Here is our circuit with a simple change: the base drive comes off the rectified LED output. This ensures that there is more than enough drive to saturate the transistor.
  When power is applied, current flows from the battery through the diode, the resistor to the Base, starting the oscillation. After that, the LEDs act as a zener to maintain a relatively stable supply to the base.
  The circuit requires a higher starting voltage to overcome the Vf of the diode, so it is useful to have a Schottky here. But once started, the circuit will run until the battery drops to Vce, which could be .3V or even less!
  Another advantage to this circuit is that its output is fairly well regulated from 1 to 2 Volts and it is readily adaptable to 2- or even 3-cell circuits, because the base drive is less dependent on input voltage than other designs.
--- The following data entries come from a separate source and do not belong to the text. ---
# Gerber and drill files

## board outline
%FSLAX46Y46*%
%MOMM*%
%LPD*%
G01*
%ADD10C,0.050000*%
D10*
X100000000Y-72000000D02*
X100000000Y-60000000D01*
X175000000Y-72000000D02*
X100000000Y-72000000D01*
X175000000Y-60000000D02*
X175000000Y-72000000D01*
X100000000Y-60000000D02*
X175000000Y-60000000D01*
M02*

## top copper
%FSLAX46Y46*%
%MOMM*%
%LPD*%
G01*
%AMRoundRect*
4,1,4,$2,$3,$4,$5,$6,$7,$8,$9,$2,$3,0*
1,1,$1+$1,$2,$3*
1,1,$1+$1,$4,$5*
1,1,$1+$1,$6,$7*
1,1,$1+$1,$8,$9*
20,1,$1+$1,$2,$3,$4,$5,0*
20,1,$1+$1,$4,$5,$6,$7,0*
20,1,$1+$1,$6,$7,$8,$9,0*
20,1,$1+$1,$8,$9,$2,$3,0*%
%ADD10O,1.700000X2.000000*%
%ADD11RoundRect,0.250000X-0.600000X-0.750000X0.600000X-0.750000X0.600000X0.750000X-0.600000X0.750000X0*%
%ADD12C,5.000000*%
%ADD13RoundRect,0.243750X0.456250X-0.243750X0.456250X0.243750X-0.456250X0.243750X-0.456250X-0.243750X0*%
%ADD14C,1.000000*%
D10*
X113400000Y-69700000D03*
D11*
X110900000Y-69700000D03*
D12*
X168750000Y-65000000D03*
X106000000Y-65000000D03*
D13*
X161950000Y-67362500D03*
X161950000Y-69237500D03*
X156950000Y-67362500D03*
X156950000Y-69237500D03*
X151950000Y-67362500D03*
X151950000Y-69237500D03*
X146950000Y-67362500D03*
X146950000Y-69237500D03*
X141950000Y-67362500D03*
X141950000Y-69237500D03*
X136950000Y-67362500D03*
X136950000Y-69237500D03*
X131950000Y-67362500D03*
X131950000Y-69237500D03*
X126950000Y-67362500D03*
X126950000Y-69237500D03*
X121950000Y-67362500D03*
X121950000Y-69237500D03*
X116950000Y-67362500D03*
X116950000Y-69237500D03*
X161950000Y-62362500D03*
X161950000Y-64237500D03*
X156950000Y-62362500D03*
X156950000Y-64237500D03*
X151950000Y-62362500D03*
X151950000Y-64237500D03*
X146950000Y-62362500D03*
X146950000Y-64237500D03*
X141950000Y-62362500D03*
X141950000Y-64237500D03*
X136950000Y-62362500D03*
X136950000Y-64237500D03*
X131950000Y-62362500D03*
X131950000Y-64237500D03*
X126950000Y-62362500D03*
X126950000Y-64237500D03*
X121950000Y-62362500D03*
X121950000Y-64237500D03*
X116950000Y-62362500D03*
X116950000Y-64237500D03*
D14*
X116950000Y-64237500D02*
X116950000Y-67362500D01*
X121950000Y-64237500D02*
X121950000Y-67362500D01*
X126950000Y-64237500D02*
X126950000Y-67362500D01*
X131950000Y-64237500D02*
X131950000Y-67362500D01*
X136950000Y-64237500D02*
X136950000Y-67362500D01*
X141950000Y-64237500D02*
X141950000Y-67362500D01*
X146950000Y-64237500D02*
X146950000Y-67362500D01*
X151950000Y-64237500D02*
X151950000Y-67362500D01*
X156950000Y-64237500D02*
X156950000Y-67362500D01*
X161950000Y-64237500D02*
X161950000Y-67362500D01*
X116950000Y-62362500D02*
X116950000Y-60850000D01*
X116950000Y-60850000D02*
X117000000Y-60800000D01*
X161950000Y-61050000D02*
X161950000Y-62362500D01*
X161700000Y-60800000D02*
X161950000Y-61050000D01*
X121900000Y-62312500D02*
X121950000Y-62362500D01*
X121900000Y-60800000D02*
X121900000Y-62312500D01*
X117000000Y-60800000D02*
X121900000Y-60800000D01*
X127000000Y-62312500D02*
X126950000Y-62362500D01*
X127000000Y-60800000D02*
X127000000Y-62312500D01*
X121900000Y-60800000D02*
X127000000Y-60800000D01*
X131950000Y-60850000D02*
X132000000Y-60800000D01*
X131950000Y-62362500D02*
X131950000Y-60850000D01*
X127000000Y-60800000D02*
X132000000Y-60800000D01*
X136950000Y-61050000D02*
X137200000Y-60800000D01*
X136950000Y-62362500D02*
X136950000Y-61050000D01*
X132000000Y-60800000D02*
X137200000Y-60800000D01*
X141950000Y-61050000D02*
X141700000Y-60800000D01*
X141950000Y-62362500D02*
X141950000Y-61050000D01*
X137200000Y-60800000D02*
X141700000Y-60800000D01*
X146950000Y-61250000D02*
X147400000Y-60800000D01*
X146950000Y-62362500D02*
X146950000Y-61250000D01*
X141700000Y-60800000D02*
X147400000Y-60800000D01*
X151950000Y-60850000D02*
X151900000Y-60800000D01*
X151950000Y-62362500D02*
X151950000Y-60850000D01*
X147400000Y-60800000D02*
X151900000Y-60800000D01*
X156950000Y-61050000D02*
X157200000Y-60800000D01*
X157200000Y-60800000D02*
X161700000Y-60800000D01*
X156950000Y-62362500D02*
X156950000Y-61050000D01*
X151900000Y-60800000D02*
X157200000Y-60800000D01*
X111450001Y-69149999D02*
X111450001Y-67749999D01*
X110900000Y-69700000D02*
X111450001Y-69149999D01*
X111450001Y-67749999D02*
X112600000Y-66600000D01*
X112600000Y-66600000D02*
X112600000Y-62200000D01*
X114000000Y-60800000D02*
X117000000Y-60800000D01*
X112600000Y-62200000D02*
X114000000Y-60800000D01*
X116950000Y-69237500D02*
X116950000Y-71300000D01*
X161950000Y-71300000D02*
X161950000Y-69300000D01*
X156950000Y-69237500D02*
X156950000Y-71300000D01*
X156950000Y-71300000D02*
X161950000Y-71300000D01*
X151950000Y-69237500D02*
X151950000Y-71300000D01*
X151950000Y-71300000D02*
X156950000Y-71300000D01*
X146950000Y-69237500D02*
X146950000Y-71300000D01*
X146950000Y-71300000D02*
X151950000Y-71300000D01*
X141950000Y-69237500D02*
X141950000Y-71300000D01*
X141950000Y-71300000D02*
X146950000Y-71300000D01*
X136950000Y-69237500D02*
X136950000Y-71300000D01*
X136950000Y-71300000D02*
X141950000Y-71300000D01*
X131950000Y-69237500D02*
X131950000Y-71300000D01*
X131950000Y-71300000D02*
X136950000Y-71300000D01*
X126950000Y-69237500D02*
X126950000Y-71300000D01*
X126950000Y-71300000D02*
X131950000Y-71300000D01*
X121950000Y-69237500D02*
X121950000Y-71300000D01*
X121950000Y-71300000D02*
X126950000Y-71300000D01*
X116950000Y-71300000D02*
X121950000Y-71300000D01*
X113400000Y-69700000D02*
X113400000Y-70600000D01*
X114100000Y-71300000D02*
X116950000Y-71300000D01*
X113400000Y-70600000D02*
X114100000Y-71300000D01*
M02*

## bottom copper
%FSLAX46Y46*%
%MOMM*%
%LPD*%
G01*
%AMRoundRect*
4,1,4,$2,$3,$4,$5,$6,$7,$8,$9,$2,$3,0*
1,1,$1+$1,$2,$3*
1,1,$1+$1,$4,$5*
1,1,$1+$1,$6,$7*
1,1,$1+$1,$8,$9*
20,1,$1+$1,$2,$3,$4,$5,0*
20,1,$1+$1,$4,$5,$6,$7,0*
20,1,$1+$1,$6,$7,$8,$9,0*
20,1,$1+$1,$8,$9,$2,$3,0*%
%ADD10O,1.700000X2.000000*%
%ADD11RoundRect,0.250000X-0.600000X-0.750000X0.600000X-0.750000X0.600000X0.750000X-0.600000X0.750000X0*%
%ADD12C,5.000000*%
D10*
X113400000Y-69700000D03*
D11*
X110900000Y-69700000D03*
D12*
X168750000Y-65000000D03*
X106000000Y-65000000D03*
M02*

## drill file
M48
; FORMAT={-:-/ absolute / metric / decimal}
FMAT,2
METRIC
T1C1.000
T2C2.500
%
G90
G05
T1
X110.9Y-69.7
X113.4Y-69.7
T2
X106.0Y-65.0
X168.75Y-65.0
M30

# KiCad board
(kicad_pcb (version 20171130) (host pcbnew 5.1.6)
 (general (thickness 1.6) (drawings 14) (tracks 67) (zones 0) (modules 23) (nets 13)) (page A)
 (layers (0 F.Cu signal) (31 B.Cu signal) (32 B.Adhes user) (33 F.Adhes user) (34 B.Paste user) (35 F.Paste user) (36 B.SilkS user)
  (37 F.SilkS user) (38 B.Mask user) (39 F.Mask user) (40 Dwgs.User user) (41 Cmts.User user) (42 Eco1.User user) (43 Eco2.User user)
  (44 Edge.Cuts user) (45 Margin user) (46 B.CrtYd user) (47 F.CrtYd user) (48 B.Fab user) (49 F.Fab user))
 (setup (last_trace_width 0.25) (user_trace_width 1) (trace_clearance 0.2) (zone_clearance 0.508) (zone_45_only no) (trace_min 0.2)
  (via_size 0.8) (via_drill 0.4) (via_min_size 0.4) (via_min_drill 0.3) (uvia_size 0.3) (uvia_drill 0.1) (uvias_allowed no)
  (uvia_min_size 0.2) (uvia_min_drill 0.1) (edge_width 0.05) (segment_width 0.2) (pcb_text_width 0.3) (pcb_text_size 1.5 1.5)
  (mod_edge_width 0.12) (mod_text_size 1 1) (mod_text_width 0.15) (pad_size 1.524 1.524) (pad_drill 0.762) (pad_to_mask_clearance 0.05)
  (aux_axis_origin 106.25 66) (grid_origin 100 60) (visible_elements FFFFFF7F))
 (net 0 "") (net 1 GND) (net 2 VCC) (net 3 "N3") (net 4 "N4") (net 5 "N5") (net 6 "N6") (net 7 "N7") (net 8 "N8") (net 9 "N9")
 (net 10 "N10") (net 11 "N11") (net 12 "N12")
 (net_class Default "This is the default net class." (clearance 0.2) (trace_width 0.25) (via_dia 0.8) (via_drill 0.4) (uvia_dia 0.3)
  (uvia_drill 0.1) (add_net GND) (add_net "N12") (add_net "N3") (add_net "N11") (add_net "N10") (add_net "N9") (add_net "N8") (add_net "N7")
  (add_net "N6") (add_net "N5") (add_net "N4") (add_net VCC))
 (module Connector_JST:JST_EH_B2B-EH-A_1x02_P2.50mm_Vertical (layer F.Cu) (at 110.9 69.7)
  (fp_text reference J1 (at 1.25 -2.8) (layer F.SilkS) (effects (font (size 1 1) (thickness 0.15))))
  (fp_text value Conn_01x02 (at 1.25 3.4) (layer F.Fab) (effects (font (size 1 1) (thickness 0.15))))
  (pad 2 thru_hole oval (at 2.5 0) (size 1.7 2) (drill 1) (layers *.Cu *.Mask) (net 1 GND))
  (pad 1 thru_hole roundrect (at 0 0) (size 1.7 2) (drill 1) (layers *.Cu *.Mask) (roundrect_rratio 0.147059) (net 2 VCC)))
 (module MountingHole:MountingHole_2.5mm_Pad (layer F.Cu) (at 168.75 65)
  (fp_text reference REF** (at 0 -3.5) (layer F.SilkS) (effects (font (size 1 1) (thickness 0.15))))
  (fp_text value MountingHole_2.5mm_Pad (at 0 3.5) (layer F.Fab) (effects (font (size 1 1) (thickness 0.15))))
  (pad 1 thru_hole circle (at 0 0) (size 5 5) (drill 2.5) (layers *.Cu *.Mask)))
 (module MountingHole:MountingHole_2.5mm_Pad (layer F.Cu) (at 106 65)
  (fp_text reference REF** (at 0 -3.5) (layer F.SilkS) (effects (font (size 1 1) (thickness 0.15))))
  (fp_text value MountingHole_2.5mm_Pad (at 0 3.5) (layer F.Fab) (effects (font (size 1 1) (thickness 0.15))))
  (pad 1 thru_hole circle (at 0 0) (size 5 5) (drill 2.5) (layers *.Cu *.Mask)))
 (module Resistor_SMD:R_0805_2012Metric (layer F.Cu) (at 161.95 68.3 90)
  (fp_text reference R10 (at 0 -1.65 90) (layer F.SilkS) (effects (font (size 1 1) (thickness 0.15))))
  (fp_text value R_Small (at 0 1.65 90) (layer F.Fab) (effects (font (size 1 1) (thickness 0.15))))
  (pad 2 smd roundrect (at 0.9375 0 90) (size 0.975 1.4) (layers F.Cu F.Paste F.Mask) (roundrect_rratio 0.25) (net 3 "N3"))
  (pad 1 smd roundrect (at -0.9375 0 90) (size 0.975 1.4) (layers F.Cu F.Paste F.Mask) (roundrect_rratio 0.25) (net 1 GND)))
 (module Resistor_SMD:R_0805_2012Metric (layer F.Cu) (at 156.95 68.3 90)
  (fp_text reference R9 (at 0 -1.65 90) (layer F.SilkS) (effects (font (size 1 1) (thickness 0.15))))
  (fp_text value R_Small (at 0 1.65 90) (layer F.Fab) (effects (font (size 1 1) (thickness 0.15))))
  (pad 2 smd roundrect (at 0.9375 0 90) (size 0.975 1.4) (layers F.Cu F.Paste F.Mask) (roundrect_rratio 0.25) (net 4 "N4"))
  (pad 1 smd roundrect (at -0.9375 0 90) (size 0.975 1.4) (layers F.Cu F.Paste F.Mask) (roundrect_rratio 0.25) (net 1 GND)))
The circuit can even drive a 1-watt Lumiled at full output! Just remember the drain on the battery is over 1-Amp! A word of caution:- if the circuit does not start, INCREASE R! If the drive current is too high, the transistor will not switch off and the saturated coil becomes just a short circuit!

By using a second transistor to act as a timer, the circuit on the left uses an off-the-shelf inductor, but is able to drive a 1-watt LED to full brightness with a 1.5-volt battery. Again, we can get much higher drive by utilising the 'bootstrap'.
    The circuit operates at the maximum limits of the FJN965 transistor and the LED, so it is important to stay with the values given. You can use a 100-ohm resistor paralleled with a 470-ohm if you do not have the 82-ohm part.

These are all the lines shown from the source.